On 13 Nov 1982, near the end of a weeklong national salute to Americans who served in the Vietnam War, the Vietnam Veterans Memorial was dedicated in Washington after a march to its site by thousands of veterans of the conflict. The long-awaited memorial was a simple V-shaped black-granite wall inscribed with the names of the 57,939 Americans who died in the conflict, arranged in order of death, not rank, as was common in other memorials.
On 14 Nov 1965, during the Vietnam war, in the first major engagement of the war between regular US and North Vietnamese forces, elements of the 3rd Brigade, 1st Cavalry Division (Airmobile) fought a pitched battle with Communist main-force units in the Ia Drang Valley of the Central Highlands. On this morning, Lt. Col. Harold Moore’s 1st Battalion, 7th Cavalry conducted a heliborne assault into Landing Zone X-Ray near the Chu Pong hills. Around noon, the North Vietnamese 33rd Regiment attacked the US troopers. The fight continued all day and into the night. American soldiers received support from nearby artillery units and tactical air strikes. The next morning, the North Vietnamese 66th Regiment joined the attack against the US unit. The fighting was bitter, but the tactical air strikes and artillery support took their toll on the enemy and enabled the 1st Cavalry troopers to hold on against repeated assaults.

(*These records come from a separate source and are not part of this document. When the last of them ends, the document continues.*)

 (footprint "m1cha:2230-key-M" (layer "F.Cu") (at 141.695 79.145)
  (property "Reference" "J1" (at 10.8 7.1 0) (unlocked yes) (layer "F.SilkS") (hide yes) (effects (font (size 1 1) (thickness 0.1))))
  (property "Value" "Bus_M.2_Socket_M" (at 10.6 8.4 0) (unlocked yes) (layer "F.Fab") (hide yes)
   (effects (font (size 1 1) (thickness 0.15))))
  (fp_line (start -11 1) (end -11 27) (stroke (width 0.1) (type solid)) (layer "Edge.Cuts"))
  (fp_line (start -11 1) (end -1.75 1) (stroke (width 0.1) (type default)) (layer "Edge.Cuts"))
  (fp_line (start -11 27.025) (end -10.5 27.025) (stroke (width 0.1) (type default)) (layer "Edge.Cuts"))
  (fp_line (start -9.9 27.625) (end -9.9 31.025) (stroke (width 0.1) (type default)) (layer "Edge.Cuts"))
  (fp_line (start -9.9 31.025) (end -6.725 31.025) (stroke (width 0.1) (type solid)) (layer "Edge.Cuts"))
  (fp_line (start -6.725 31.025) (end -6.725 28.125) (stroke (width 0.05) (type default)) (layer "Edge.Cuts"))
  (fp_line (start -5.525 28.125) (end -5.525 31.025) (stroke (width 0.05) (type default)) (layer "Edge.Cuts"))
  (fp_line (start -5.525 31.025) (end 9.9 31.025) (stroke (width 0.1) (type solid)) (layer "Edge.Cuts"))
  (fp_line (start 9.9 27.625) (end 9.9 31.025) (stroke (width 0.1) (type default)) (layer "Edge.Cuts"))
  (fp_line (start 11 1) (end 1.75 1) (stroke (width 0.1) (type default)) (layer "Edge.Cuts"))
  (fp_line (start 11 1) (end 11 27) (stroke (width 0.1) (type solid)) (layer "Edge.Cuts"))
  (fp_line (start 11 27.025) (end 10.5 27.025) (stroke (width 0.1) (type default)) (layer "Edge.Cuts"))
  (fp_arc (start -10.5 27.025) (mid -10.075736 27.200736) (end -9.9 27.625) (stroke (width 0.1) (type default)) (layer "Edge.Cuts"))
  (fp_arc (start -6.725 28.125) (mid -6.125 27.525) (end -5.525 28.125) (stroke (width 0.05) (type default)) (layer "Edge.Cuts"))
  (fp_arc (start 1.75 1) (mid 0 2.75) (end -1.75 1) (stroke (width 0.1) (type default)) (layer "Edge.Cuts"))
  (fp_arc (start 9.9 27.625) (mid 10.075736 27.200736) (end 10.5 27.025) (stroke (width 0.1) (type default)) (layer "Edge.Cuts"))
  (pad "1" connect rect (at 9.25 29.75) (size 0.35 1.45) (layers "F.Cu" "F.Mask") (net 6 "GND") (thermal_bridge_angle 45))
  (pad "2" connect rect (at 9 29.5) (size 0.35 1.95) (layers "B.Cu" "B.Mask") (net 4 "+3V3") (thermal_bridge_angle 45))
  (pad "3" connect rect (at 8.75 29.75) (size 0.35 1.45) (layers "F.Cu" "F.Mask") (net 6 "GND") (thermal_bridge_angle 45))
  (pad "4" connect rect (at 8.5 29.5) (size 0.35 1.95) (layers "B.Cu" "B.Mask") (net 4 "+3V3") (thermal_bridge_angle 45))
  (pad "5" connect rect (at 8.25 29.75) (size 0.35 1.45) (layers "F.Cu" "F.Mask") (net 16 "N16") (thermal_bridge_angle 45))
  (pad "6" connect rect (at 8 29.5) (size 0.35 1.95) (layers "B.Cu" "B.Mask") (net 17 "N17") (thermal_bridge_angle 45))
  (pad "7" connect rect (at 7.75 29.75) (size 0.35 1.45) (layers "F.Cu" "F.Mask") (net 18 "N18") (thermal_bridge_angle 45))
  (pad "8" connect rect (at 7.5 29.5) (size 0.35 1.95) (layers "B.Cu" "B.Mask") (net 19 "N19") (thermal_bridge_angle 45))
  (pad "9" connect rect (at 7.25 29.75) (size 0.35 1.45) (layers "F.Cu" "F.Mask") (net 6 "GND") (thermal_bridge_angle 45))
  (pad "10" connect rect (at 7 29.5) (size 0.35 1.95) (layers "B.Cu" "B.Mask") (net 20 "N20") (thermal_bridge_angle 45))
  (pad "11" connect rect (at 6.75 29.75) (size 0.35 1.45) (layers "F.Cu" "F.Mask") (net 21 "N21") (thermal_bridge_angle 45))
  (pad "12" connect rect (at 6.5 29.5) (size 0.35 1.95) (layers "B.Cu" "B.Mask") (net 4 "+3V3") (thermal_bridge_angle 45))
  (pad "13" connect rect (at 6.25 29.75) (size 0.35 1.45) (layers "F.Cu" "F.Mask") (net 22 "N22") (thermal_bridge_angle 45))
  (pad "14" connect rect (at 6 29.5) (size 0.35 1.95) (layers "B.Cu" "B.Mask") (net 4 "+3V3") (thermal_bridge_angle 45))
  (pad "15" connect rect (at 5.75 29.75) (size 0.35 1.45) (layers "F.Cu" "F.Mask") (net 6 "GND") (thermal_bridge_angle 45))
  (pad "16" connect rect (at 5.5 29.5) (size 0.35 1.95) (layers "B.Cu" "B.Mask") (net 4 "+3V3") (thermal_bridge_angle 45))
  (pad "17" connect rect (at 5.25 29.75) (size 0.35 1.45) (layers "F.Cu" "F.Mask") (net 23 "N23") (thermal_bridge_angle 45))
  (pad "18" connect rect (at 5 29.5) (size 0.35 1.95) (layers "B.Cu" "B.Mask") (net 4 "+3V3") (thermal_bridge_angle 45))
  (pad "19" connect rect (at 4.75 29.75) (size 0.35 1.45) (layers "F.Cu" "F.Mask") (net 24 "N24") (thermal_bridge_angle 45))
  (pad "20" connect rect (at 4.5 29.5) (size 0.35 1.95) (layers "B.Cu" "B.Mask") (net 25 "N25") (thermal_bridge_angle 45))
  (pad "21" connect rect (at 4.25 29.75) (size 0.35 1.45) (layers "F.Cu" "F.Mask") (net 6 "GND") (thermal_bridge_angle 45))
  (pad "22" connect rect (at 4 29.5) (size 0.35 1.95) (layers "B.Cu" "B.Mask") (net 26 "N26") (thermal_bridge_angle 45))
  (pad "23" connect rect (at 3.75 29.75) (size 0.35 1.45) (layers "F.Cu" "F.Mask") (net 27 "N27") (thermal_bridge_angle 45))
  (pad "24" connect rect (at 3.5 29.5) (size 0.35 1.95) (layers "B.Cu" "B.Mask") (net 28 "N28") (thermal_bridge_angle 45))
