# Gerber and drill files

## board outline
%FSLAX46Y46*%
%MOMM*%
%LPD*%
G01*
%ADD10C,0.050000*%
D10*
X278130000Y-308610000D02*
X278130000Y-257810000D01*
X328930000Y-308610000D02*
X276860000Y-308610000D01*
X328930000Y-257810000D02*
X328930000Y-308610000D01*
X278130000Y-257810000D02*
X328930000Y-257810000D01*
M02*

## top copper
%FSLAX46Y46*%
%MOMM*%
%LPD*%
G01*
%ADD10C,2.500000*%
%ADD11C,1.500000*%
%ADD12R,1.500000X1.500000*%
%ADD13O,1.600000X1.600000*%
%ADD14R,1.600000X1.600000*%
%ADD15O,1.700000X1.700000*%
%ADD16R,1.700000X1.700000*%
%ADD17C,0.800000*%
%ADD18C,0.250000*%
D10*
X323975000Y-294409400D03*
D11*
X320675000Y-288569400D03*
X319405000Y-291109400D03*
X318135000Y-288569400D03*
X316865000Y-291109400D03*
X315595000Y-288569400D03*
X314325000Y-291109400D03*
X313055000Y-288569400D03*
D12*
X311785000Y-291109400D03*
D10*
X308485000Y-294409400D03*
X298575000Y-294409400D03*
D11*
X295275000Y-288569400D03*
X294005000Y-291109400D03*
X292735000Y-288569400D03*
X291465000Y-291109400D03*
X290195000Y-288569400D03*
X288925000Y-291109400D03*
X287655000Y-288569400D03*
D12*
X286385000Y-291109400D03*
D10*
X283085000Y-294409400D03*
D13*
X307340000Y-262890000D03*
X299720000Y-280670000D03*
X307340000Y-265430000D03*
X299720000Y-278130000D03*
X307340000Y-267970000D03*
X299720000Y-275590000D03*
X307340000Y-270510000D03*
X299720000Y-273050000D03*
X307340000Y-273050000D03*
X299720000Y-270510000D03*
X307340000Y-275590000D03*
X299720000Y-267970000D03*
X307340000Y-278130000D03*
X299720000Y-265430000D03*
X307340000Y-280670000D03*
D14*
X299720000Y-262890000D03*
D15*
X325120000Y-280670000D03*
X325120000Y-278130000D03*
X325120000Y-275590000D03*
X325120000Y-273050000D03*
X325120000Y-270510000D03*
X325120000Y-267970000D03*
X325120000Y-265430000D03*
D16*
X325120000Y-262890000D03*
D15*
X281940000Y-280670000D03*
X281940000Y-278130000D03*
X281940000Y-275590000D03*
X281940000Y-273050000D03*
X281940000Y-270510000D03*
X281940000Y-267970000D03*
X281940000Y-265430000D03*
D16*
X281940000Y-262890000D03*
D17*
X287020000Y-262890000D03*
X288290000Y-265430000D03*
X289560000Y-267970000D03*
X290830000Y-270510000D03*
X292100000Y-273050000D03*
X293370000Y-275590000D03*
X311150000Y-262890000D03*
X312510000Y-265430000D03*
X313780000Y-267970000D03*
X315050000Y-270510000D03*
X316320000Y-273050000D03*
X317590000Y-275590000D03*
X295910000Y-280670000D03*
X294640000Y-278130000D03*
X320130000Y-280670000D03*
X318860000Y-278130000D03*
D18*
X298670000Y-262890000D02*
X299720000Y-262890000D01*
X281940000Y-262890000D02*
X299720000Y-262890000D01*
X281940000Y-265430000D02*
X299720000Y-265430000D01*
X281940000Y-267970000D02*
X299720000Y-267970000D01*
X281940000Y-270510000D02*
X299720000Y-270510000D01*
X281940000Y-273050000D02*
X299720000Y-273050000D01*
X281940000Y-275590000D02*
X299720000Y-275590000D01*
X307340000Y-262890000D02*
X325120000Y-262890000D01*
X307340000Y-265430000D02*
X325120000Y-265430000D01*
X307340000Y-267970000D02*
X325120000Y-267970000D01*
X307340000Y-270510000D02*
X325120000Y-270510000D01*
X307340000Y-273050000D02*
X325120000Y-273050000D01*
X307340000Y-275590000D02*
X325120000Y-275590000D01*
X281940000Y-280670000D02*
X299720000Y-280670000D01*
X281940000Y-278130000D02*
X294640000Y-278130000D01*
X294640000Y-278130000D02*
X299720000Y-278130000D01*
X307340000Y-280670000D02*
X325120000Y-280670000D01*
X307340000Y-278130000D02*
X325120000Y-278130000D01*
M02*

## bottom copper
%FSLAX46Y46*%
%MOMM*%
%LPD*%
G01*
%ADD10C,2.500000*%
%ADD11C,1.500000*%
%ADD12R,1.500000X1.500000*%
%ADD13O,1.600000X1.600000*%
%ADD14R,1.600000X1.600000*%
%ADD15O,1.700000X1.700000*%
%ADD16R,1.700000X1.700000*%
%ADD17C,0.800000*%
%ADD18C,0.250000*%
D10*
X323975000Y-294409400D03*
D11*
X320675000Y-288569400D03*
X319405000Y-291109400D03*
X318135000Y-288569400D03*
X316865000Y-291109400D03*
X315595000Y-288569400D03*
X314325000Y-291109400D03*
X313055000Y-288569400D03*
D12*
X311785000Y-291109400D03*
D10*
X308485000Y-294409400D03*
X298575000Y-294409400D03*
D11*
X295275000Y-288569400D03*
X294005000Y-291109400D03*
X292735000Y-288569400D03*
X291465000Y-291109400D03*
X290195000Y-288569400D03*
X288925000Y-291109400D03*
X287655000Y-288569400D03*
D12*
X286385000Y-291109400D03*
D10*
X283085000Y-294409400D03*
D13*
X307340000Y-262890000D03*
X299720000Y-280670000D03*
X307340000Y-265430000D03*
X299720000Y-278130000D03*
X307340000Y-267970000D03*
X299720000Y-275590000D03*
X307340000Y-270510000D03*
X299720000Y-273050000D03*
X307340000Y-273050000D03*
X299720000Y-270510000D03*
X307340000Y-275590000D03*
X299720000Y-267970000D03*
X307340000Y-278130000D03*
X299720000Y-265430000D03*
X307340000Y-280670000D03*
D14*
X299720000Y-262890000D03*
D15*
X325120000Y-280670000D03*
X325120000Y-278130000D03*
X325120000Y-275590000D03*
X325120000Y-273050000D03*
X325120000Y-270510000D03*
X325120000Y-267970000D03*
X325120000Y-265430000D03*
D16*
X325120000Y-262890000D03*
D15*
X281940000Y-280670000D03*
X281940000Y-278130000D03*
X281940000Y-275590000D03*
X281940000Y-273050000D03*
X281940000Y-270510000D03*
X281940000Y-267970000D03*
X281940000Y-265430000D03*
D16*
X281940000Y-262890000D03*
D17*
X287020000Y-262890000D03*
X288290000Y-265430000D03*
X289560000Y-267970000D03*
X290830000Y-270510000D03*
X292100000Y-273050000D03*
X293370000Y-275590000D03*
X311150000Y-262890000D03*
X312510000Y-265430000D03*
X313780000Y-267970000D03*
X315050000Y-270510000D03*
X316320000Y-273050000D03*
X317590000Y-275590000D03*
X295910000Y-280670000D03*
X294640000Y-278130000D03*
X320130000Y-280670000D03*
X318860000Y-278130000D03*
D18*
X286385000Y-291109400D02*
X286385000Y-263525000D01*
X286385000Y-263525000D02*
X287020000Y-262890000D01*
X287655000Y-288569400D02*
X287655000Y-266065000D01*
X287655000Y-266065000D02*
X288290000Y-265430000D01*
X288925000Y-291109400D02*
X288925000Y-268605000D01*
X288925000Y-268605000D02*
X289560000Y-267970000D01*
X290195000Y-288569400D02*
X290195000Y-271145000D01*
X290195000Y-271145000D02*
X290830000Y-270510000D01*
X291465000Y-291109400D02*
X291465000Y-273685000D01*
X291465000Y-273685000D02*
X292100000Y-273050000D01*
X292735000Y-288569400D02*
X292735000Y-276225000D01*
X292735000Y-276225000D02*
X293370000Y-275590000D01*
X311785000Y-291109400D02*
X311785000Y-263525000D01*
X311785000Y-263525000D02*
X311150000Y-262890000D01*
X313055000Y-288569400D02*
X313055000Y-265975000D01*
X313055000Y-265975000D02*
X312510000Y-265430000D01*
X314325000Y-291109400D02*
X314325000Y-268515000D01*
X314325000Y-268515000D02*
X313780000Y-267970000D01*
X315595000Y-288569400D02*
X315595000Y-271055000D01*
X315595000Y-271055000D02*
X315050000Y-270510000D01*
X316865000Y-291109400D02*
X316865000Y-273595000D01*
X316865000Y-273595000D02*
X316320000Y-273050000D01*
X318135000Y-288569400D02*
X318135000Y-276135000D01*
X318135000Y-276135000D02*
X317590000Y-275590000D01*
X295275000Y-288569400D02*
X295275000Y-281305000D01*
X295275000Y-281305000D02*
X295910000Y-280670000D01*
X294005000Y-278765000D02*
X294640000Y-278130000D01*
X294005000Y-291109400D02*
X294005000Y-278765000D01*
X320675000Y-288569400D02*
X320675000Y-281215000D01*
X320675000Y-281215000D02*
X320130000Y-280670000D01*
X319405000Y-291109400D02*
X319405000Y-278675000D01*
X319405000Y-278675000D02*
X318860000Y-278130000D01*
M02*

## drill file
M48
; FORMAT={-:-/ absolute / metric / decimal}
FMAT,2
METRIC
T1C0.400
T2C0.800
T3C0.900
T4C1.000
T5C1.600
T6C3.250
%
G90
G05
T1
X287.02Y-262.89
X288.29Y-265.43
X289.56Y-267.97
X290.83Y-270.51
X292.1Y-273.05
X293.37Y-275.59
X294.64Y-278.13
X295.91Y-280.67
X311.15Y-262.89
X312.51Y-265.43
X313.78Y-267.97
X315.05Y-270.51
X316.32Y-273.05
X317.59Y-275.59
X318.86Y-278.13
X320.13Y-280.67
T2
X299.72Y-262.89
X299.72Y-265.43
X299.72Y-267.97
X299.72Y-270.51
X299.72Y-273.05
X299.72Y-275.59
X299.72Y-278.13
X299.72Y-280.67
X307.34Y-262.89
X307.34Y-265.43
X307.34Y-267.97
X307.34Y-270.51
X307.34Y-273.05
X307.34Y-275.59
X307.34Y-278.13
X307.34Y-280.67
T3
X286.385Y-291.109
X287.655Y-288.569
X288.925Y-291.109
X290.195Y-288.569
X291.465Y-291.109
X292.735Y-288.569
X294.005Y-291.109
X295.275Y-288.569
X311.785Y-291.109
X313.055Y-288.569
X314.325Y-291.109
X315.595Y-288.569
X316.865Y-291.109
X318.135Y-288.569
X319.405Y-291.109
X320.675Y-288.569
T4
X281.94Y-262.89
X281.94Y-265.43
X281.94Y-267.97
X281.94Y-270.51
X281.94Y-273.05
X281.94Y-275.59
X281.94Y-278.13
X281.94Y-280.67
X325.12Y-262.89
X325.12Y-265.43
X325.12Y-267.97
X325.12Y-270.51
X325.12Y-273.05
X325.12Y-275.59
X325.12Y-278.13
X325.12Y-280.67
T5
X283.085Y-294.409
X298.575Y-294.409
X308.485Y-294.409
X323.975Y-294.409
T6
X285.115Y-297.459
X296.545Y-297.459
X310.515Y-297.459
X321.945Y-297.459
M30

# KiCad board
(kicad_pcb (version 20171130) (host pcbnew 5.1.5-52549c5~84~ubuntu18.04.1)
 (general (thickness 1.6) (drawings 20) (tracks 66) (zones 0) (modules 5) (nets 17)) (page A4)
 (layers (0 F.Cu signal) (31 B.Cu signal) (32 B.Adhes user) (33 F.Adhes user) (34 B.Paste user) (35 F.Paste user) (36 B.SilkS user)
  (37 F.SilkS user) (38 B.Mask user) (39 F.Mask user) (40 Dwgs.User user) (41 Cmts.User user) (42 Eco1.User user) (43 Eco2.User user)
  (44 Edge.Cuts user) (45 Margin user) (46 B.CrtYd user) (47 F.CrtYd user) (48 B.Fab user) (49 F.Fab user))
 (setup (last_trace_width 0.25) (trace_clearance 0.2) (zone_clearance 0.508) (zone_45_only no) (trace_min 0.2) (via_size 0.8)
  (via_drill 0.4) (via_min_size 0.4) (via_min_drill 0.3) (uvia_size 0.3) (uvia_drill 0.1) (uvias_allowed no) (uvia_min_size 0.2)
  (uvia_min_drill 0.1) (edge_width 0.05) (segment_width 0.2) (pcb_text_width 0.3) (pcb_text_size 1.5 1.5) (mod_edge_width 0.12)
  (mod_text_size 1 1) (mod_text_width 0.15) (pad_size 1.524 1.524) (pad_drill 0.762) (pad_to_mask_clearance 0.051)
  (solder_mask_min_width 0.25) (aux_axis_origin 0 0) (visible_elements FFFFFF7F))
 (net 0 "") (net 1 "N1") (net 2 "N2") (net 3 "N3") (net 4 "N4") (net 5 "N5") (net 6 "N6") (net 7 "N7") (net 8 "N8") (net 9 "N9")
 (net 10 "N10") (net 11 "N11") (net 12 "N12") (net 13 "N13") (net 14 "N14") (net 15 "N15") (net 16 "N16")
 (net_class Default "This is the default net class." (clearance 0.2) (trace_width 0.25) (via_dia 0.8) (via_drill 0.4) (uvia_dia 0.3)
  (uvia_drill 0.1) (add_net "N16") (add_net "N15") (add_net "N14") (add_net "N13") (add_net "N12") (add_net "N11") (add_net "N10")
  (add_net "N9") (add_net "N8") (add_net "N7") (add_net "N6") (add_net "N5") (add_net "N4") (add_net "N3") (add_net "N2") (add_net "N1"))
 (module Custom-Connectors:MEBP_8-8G (layer F.Cu) (at 316.23 306.07 180)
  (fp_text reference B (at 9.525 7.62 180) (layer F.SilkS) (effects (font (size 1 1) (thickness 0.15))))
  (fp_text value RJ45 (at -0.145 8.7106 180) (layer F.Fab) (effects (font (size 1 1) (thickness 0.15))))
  (pad 9 thru_hole circle (at -7.745 11.6606) (size 2.5 2.5) (drill 1.6) (layers *.Cu *.Mask))
  (pad 8 thru_hole circle (at -4.445 17.5006) (size 1.5 1.5) (drill 0.9) (layers *.Cu *.Mask) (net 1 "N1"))
  (pad 7 thru_hole circle (at -3.175 14.9606) (size 1.5 1.5) (drill 0.9) (layers *.Cu *.Mask) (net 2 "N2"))
  (pad 6 thru_hole circle (at -1.905 17.5006) (size 1.5 1.5) (drill 0.9) (layers *.Cu *.Mask) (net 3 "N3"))
  (pad 5 thru_hole circle (at -0.635 14.9606) (size 1.5 1.5) (drill 0.9) (layers *.Cu *.Mask) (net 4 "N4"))
  (pad 4 thru_hole circle (at 0.635 17.5006) (size 1.5 1.5) (drill 0.9) (layers *.Cu *.Mask) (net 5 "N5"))
  (pad 3 thru_hole circle (at 1.905 14.9606) (size 1.5 1.5) (drill 0.9) (layers *.Cu *.Mask) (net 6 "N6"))
  (pad 2 thru_hole circle (at 3.175 17.5006) (size 1.5 1.5) (drill 0.9) (layers *.Cu *.Mask) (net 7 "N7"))
  (pad 1 thru_hole rect (at 4.445 14.9606) (size 1.5 1.5) (drill 0.9) (layers *.Cu *.Mask) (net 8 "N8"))
  (pad "" np_thru_hole circle (at 5.715 8.6106) (size 3.25 3.25) (drill 3.25) (layers *.Cu *.SilkS *.Mask))
  (pad "" np_thru_hole circle (at -5.715 8.6106) (size 3.25 3.25) (drill 3.25) (layers *.Cu *.SilkS *.Mask))
  (pad 9 thru_hole circle (at 7.745 11.6606) (size 2.5 2.5) (drill 1.6) (layers *.Cu *.Mask)))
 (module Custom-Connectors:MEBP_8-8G (layer F.Cu) (at 290.83 306.07 180)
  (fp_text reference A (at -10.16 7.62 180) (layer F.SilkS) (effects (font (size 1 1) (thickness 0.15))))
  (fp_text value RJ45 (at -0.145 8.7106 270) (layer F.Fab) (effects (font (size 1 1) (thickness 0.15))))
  (pad 9 thru_hole circle (at -7.745 11.6606) (size 2.5 2.5) (drill 1.6) (layers *.Cu *.Mask))
  (pad 8 thru_hole circle (at -4.445 17.5006) (size 1.5 1.5) (drill 0.9) (layers *.Cu *.Mask) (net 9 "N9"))
  (pad 7 thru_hole circle (at -3.175 14.9606) (size 1.5 1.5) (drill 0.9) (layers *.Cu *.Mask) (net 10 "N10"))
  (pad 6 thru_hole circle (at -1.905 17.5006) (size 1.5 1.5) (drill 0.9) (layers *.Cu *.Mask) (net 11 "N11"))
  (pad 5 thru_hole circle (at -0.635 14.9606) (size 1.5 1.5) (drill 0.9) (layers *.Cu *.Mask) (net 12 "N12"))
  (pad 4 thru_hole circle (at 0.635 17.5006) (size 1.5 1.5) (drill 0.9) (layers *.Cu *.Mask) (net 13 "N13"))
  (pad 3 thru_hole circle (at 1.905 14.9606) (size 1.5 1.5) (drill 0.9) (layers *.Cu *.Mask) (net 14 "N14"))
  (pad 2 thru_hole circle (at 3.175 17.5006) (size 1.5 1.5) (drill 0.9) (layers *.Cu *.Mask) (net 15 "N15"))
  (pad 1 thru_hole rect (at 4.445 14.9606) (size 1.5 1.5) (drill 0.9) (layers *.Cu *.Mask) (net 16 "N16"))
  (pad "" np_thru_hole circle (at 5.715 8.6106) (size 3.25 3.25) (drill 3.25) (layers *.Cu *.SilkS *.Mask))
  (pad "" np_thru_hole circle (at -5.715 8.6106) (size 3.25 3.25) (drill 3.25) (layers *.Cu *.SilkS *.Mask))
  (pad 9 thru_hole circle (at 7.745 11.6606) (size 2.5 2.5) (drill 1.6) (layers *.Cu *.Mask)))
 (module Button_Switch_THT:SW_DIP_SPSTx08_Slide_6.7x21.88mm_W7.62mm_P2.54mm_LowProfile (layer F.Cu) (at 299.72 262.89)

On 15 Nov 1864, during the Civil War, Union General William T. Sherman began his expedition across Georgia by torching the industrial section of Atlanta and pulling away from his supply lines. For the next six weeks, Sherman’s army destroyed most of Georgia before capturing the Confederate seaport of Savannah, Georgia.

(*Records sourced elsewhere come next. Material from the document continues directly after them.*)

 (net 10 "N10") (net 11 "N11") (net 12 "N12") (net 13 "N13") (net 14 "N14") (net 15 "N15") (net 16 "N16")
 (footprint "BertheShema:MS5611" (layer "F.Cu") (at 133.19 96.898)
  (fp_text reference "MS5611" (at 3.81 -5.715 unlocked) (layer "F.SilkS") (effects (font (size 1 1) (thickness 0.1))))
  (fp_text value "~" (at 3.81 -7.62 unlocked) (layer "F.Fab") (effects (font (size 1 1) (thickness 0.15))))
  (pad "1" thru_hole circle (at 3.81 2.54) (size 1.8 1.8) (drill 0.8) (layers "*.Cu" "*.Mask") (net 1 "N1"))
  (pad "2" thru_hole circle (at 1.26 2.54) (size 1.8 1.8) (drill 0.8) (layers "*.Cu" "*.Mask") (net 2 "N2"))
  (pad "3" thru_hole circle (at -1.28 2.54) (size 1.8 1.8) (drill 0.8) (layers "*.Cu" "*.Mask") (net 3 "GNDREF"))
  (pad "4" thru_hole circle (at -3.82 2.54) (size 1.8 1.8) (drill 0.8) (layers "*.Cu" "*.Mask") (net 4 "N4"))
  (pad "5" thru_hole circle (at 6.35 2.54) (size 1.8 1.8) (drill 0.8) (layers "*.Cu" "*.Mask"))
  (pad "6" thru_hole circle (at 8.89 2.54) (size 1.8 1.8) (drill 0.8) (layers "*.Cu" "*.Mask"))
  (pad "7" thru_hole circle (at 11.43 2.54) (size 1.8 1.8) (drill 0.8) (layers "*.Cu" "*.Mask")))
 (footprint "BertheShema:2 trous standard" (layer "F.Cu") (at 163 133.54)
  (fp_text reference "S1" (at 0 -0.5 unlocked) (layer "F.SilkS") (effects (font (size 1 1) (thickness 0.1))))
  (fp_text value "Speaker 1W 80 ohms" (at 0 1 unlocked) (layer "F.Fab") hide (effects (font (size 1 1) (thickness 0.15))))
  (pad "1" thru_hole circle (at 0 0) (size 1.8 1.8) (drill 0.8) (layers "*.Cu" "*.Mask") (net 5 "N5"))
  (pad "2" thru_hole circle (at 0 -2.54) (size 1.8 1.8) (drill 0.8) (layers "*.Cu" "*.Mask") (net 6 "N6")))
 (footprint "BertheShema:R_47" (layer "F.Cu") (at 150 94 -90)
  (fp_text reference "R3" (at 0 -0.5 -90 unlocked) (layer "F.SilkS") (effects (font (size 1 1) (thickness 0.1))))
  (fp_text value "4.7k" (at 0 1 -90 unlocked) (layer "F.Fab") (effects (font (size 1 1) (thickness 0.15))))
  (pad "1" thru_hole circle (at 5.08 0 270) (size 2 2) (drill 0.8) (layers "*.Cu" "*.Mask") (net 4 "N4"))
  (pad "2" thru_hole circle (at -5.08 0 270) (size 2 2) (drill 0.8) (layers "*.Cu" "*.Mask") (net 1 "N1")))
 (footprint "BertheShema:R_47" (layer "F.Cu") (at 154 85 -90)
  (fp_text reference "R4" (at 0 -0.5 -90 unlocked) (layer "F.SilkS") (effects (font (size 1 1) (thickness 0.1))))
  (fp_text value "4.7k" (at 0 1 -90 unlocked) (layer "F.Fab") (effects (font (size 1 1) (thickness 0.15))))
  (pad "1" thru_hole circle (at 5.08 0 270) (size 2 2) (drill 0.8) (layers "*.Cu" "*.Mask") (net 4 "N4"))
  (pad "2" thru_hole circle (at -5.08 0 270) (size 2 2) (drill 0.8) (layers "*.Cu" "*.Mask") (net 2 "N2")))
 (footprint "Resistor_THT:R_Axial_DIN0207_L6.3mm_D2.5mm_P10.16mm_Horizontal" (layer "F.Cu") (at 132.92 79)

COMING UP ON FRONTLINES OF FREEDOM
On the weekend of Nov 4-5, we’ll discuss the war in Israel. Then we’ll discuss getting America food independent with Ben Spell from Good Ranchers. Next, Quinton Roberts will discuss last weekend’s Service Academy Football games.
And on the weekend of Nov 11-12, Army veteran Mike Rogers will identify some of our nation’s main problems. Then Ed Fuller will present his latest book. Quinton Roberts will discuss last weekend’s Service Academy Football games. And Marines Gil and Skip will present the B & B, the Border and a great Book.
~ Humor/Puns ~
Why didn’t the melons get married? Because they cantaloupe.
What kind of egg did the evil chicken lay? A deviled egg.
Why did the coach go to the bank? To get his quarter back.
Why does Snoop Dogg always carry an umbrella? Fo’ Drizzle.
What did the fisherman say to the magician? Pick a cod, any cod.
What do you call a fake noodle? An impasta.
Which is faster, hot or cold? Hot, because you can catch a cold.
How do you organize a space party? You planet.
Did you know that milk is the fastest liquid on earth? It’s pasteurized before you even see it.
Why are skeletons so calm? Because nothing gets under their skin.
What did one ocean say to the other ocean? Nothing, they just waved.
What does a baby computer call his father? Data.